Updating AntConc for spoken and educational language data

Dates: 2018–19
Funding body: Japan Society for the Promotion of Science
Primary investigator: Robbie Love (Education)
Co-investigators: Laurence Anthony (Waseda University)
Language at Leeds satellites: Corpus Linguistics
Language at Leeds themes: Language and Computation

In corpus linguistics, a range of tools are available to researchers for the computational analysis of language data, both online and offline. These tools are designed primarily for the analysis of written language, rather than spoken language; corpus linguistics has traditionally been more interested in written language, because it is easier to gather and convert into a digital format for corpus analysis.

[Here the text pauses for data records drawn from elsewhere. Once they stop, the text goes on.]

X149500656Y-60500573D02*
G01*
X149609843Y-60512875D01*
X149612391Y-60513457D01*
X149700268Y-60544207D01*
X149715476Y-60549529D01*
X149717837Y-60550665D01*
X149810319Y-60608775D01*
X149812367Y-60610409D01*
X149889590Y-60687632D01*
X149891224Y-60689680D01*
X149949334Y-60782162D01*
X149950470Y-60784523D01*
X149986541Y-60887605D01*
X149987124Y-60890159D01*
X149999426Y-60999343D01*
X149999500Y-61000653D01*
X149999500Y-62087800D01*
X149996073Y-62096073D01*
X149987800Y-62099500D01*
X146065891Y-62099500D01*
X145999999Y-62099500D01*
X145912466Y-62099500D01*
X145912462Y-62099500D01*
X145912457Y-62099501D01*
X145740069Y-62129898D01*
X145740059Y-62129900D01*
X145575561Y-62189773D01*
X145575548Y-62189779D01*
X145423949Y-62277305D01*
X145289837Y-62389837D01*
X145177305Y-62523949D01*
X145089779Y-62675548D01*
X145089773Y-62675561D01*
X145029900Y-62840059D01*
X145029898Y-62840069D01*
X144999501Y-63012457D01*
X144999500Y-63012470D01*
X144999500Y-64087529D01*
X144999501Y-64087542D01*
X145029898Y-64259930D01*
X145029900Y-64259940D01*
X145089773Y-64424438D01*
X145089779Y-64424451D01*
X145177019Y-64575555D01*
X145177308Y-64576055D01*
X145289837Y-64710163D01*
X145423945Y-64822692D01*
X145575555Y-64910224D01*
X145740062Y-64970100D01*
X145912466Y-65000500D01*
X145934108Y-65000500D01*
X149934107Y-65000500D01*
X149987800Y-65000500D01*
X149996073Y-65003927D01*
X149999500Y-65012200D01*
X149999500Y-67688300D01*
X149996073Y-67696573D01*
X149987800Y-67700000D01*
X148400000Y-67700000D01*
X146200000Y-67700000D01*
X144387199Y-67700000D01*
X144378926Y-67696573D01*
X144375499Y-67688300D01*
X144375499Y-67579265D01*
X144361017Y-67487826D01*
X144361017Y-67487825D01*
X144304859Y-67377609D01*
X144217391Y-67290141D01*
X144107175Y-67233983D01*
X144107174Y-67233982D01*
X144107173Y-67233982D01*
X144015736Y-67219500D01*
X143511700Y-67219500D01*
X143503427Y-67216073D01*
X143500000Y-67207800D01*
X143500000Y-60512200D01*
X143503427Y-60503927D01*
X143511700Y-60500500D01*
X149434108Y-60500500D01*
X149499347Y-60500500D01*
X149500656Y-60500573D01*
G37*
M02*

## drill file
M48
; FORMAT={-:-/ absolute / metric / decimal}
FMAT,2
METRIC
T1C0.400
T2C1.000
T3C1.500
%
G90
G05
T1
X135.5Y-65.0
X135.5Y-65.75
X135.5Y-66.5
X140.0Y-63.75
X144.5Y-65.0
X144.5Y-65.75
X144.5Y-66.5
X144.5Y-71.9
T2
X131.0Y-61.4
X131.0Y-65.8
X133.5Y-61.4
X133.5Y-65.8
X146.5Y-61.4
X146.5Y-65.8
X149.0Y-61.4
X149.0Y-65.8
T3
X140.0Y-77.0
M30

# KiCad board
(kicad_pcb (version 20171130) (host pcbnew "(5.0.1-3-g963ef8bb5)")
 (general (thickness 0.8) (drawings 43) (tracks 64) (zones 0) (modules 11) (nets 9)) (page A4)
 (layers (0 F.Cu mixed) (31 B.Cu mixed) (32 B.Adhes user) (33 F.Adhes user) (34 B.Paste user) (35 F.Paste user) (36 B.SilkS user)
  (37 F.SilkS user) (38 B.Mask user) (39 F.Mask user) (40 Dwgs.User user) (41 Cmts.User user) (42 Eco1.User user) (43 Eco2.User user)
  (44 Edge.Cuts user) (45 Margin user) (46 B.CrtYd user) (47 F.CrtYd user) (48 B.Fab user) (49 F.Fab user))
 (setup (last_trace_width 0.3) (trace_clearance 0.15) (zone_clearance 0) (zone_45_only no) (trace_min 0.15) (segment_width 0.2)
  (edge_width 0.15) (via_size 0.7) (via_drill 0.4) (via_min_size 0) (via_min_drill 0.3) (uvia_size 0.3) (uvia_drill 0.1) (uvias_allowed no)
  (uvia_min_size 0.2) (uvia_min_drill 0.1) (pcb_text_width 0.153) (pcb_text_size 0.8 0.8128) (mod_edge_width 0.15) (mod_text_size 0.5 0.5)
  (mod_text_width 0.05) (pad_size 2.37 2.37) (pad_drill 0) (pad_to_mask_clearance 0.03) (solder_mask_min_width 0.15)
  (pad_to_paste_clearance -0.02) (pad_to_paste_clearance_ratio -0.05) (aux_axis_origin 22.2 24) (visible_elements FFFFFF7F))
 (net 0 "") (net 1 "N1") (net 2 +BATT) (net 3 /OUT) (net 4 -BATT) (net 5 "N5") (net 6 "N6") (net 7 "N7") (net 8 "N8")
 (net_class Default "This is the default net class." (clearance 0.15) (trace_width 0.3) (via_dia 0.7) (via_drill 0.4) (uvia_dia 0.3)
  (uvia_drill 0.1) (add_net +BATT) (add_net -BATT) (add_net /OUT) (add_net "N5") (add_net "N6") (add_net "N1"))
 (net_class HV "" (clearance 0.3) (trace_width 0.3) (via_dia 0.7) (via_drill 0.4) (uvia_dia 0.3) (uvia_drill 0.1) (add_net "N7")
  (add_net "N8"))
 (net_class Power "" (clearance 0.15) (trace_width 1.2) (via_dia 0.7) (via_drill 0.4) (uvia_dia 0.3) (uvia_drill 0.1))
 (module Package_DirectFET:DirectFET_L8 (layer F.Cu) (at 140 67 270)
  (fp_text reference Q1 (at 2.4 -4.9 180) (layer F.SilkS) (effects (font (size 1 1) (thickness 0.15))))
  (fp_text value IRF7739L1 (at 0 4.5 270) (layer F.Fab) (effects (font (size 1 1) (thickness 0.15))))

I and other language researchers at the University of Leeds regularly use tools such as these to analyse written and spoken data, including educational materials, interview transcripts and transcripts of recorded lesson observations. However, the writing-centric nature of these tools means that analysing spoken data is more complex, time consuming, and ultimately more expensive than analysing written data. As a result, the full potential of analysing spoken data cannot always be reached.

Prof Anthony is the creator and developer of AntConc – a freeware, multiplatform, corpus analysis toolkit for concordancing and text analysis – which is one of the most widely used corpus tools in the world. In this project, Dr Love and Prof Anthony worked together to add new search and processing functions to AntConc to facilitate easier, and more effective processing of spoken language data.